The entire crux of the article hinges around one graph at the end, where they compare traffic annual deaths per 100k people with subway annual deaths per 100k people .. per person who rode the subway 500 times?
Why is there some 500 ride part thrown in? Why is it not just simply comparing "X people in NYC / Y people die yearly on subway" with ""X people in NYC / Y people die yearly in traffic"?
They also don't link to their sources for subway crime. They do link to a MTA document, but that document only shows subway crime rates for 6 months out of the year, not the whole year.

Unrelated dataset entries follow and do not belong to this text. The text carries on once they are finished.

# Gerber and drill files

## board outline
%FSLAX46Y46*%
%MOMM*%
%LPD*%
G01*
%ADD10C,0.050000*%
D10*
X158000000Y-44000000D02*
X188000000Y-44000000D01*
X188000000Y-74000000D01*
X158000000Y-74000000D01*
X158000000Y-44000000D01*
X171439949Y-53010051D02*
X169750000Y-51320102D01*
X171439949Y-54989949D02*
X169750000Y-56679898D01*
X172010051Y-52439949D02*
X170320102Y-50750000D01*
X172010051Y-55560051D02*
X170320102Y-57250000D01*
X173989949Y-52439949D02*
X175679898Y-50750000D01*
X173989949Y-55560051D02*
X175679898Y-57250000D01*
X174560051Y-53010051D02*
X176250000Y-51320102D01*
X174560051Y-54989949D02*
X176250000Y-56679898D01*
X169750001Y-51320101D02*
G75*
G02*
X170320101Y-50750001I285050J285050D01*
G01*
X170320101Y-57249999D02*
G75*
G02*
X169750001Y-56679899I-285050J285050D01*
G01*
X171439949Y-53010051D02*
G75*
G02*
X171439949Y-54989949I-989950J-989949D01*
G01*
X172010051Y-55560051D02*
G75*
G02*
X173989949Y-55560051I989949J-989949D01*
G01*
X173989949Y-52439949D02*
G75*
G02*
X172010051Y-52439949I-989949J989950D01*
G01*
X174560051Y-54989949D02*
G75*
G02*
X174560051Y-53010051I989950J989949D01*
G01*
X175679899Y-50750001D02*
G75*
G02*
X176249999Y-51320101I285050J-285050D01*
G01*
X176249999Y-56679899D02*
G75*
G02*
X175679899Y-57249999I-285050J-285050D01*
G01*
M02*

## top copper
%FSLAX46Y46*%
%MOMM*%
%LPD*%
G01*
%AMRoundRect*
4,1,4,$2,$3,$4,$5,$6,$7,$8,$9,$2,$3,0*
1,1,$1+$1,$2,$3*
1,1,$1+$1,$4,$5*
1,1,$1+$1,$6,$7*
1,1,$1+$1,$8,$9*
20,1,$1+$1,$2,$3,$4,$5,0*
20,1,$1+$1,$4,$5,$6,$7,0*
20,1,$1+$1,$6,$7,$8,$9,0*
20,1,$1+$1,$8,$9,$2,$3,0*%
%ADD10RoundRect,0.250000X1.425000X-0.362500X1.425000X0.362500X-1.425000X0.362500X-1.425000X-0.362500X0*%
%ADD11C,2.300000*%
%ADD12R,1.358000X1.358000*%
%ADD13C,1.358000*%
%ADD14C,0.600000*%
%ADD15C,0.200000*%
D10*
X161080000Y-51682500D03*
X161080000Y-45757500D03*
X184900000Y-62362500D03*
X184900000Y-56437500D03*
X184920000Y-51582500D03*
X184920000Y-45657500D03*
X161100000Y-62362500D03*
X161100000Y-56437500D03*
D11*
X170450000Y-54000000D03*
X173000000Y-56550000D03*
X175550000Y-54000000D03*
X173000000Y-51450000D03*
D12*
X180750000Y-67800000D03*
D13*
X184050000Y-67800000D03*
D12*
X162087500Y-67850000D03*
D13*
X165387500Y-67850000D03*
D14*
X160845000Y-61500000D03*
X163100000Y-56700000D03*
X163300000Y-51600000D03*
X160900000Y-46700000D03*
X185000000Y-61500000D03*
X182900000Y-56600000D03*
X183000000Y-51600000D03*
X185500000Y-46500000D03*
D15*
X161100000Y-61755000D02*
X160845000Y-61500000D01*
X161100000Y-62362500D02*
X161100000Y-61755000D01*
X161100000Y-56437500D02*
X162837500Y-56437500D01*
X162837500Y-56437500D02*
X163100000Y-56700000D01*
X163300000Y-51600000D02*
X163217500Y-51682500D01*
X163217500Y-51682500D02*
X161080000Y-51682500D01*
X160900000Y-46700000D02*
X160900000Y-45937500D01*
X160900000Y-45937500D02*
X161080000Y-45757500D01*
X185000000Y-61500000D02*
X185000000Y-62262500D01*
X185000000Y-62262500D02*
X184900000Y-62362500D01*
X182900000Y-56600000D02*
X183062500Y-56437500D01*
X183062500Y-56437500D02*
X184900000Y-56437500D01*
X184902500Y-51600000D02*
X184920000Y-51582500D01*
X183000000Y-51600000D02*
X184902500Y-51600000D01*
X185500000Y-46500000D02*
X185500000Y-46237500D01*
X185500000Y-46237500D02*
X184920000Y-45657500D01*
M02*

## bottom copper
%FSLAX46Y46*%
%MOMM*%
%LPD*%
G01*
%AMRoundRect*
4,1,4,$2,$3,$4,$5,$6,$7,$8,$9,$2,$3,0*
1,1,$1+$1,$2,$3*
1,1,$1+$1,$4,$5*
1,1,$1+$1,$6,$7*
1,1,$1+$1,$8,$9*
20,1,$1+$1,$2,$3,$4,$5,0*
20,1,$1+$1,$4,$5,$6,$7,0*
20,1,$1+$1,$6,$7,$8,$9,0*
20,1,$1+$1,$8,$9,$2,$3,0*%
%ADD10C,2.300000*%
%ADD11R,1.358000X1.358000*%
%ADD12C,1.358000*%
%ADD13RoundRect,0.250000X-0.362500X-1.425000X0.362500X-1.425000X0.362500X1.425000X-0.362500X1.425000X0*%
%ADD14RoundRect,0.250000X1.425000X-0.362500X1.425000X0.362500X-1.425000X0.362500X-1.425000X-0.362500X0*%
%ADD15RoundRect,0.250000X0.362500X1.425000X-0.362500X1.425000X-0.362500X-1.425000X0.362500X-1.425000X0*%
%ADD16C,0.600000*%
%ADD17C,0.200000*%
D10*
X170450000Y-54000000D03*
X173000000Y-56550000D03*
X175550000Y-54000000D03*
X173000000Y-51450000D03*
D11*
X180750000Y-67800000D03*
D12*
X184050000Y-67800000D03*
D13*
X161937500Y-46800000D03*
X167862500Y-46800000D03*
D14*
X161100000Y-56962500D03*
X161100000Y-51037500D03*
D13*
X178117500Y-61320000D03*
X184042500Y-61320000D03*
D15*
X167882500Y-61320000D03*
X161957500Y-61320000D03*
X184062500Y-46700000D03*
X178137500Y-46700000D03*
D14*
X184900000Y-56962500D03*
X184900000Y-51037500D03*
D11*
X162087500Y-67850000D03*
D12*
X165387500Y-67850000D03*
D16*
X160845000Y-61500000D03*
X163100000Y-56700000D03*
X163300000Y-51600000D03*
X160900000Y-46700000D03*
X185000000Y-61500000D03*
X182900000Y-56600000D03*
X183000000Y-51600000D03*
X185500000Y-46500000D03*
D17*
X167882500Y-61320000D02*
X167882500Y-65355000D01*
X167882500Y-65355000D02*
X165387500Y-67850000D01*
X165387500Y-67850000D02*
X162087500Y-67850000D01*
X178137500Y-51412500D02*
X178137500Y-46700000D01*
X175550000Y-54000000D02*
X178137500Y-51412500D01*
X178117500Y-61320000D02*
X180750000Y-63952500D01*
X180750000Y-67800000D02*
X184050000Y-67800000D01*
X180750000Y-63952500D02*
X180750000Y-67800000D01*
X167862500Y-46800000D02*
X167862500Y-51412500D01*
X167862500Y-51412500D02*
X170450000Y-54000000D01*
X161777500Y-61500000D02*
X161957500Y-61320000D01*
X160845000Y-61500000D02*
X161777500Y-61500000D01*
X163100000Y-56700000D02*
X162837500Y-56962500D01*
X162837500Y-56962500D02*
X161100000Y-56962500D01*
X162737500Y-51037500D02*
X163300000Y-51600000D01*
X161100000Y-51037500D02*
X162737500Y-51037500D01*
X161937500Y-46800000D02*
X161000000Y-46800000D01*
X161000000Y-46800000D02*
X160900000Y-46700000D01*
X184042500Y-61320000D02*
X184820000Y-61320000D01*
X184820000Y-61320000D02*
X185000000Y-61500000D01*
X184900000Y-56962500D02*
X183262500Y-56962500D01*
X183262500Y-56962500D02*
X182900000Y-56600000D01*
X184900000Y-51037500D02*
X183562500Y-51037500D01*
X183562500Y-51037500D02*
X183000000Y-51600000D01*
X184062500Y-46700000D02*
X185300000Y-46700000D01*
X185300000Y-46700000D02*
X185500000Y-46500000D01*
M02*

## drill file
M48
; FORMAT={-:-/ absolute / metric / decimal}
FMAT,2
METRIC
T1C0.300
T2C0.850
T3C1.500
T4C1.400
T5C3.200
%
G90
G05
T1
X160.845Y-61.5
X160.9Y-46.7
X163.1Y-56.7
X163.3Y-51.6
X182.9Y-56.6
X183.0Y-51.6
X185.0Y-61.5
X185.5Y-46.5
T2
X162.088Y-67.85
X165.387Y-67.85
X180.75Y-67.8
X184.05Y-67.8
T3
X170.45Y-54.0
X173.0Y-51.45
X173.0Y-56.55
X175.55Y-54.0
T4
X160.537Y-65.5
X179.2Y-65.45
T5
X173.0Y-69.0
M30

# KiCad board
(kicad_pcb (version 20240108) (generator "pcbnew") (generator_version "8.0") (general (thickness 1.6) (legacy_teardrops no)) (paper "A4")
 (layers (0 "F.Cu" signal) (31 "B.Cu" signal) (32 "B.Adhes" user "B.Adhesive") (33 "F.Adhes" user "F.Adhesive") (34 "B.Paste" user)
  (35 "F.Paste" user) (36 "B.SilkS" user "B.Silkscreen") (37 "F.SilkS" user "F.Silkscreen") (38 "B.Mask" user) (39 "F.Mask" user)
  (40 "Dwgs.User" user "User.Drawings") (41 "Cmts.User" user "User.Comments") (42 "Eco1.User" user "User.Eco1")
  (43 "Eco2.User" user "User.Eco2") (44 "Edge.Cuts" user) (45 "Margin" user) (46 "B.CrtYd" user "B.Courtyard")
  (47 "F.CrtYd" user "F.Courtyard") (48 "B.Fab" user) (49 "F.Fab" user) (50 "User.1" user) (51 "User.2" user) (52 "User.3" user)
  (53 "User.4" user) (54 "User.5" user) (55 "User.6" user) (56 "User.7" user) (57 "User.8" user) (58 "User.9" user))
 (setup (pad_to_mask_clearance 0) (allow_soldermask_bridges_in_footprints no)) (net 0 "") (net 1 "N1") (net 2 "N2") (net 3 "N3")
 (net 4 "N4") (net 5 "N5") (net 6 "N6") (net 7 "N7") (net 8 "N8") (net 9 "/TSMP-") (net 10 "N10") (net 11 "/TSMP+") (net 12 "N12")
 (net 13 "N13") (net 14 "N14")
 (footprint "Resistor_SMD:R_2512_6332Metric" (layer "F.Cu") (at 161.08 48.72 90)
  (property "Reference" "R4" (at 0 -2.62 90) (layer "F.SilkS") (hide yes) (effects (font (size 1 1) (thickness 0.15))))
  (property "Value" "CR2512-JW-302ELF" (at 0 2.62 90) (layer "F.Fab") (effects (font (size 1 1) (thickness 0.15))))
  (pad "1" smd roundrect (at -2.9625 0 90) (size 1.225 3.35) (layers "F.Cu" "F.Paste" "F.Mask") (roundrect_rratio 0.204082) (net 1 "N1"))
  (pad "2" smd roundrect (at 2.9625 0 90) (size 1.225 3.35) (layers "F.Cu" "F.Paste" "F.Mask") (roundrect_rratio 0.204082) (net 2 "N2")))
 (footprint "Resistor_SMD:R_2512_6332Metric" (layer "F.Cu") (at 184.9 59.4 90)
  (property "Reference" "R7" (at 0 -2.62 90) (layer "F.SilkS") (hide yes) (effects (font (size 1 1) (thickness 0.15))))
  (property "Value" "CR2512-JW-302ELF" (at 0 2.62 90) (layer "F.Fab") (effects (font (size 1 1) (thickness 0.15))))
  (pad "1" smd roundrect (at -2.9625 0 90) (size 1.225 3.35) (layers "F.Cu" "F.Paste" "F.Mask") (roundrect_rratio 0.204082) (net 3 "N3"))
  (pad "2" smd roundrect (at 2.9625 0 90) (size 1.225 3.35) (layers "F.Cu" "F.Paste" "F.Mask") (roundrect_rratio 0.204082) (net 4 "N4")))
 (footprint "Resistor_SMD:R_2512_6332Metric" (layer "F.Cu") (at 184.92 48.62 90)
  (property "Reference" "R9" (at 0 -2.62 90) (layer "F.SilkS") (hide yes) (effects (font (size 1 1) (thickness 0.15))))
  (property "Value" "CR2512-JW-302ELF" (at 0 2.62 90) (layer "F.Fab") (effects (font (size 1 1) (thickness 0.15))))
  (pad "1" smd roundrect (at -2.9625 0 90) (size 1.225 3.35) (layers "F.Cu" "F.Paste" "F.Mask") (roundrect_rratio 0.204082) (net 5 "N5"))
  (pad "2" smd roundrect (at 2.9625 0 90) (size 1.225 3.35) (layers "F.Cu" "F.Paste" "F.Mask") (roundrect_rratio 0.204082) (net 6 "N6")))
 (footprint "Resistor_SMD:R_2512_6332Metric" (layer "F.Cu") (at 161.1 59.4 90)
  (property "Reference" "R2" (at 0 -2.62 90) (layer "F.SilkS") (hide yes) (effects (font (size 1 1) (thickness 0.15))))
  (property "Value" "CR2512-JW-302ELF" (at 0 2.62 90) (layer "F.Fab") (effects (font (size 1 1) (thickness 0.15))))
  (pad "1" smd roundrect (at -2.9625 0 90) (size 1.225 3.35) (layers "F.Cu" "F.Paste" "F.Mask") (roundrect_rratio 0.204082) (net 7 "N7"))
  (pad "2" smd roundrect (at 2.9625 0 90) (size 1.225 3.35) (layers "F.Cu" "F.Paste" "F.Mask") (roundrect_rratio 0.204082) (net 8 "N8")))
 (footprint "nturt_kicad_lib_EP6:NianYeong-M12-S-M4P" (layer "F.Cu") (at 173 54 -90)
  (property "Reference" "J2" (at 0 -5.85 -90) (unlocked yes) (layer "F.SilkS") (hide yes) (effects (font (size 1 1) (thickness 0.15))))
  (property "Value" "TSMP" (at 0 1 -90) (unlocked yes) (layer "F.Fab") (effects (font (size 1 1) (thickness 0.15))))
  (fp_line (start -0.989949 1.560051) (end -2.679898 3.25) (stroke (width 0.05) (type default)) (layer "Edge.Cuts"))
  (fp_line (start 0.989949 1.560051) (end 2.679898 3.25) (stroke (width 0.05) (type default)) (layer "Edge.Cuts"))
  (fp_line (start -1.560051 0.989949) (end -3.25 2.679898) (stroke (width 0.05) (type default)) (layer "Edge.Cuts"))
  (fp_line (start 1.560051 0.989949) (end 3.25 2.679898) (stroke (width 0.05) (type default)) (layer "Edge.Cuts"))
  (fp_line (start -1.560051 -0.989949) (end -3.25 -2.679898) (stroke (width 0.05) (type default)) (layer "Edge.Cuts"))
  (fp_line (start 1.560051 -0.989949) (end 3.25 -2.679898) (stroke (width 0.05) (type default)) (layer "Edge.Cuts"))
  (fp_line (start -0.989949 -1.560051) (end -2.679898 -3.25) (stroke (width 0.05) (type default)) (layer "Edge.Cuts"))
  (fp_line (start 0.989949 -1.560051) (end 2.679898 -3.25) (stroke (width 0.05) (type default)) (layer "Edge.Cuts"))
  (fp_arc (start -2.679899 3.249999) (mid -3.249999 3.249999) (end -3.249999 2.679899) (stroke (width 0.05) (type default))
   (layer "Edge.Cuts"))
  (fp_arc (start 3.249999 2.679899) (mid 3.249999 3.249999) (end 2.679899 3.249999) (stroke (width 0.05) (type default)) (layer "Edge.Cuts"))
  (fp_arc (start -0.989949 1.560051) (mid 0 1.150001) (end 0.989949 1.560051) (stroke (width 0.05) (type default)) (layer "Edge.Cuts"))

Also the comparison they do make at the end is apples to oranges; the issue isn't purely about death rate, but there's the other categories of series crime on the subway, like assault/rape/etc., that aren't really factored into the final claim. They moved the goalposts and deftly switched from a discussion about "safety" to a discussion about "deaths".
Regarding the comparison likely because the data source only gave homicides per ride and didn't come with the corresponding information to convert that into homicides per person year of use. The choice of 500 is a bit of an arbitrary example of what the latter might look like (~2x per workday).
What they really want to compare is per equivalent trip in the city (same mileage, same path, same time) but that's a bit impossible to do directly. Showing the number for going to work and back every day for a year is 1/10th that of traffic deaths in NYC as a whole gets the same idea across despite the lack of precise data anyways.
Exactly. By the time my co drivers start staring me down, turning up their boombox, or worse their cellphones, leaving graffiti, food waste, vomit, used needles, and feces in my car, this apples-to-oranges comparison will make sense.
I don't know why this is so hard to understand and why people like you argue so hard against the safety of transit over cars.
"Passenger vehicles are by far the most dangerous motorized transportation option compared. Over the last 10 years, passenger vehicle death rate per 100,000,000 passenger miles was over 60 times higher than for buses, 20 times higher than for passenger trains, and 1,200 times higher than for scheduled airlines."
In 2019 there were 268 public transit fatalities in the entire USA. 36,096 vehicle deaths, 2.7 milion injuries, 6.7 million crashes.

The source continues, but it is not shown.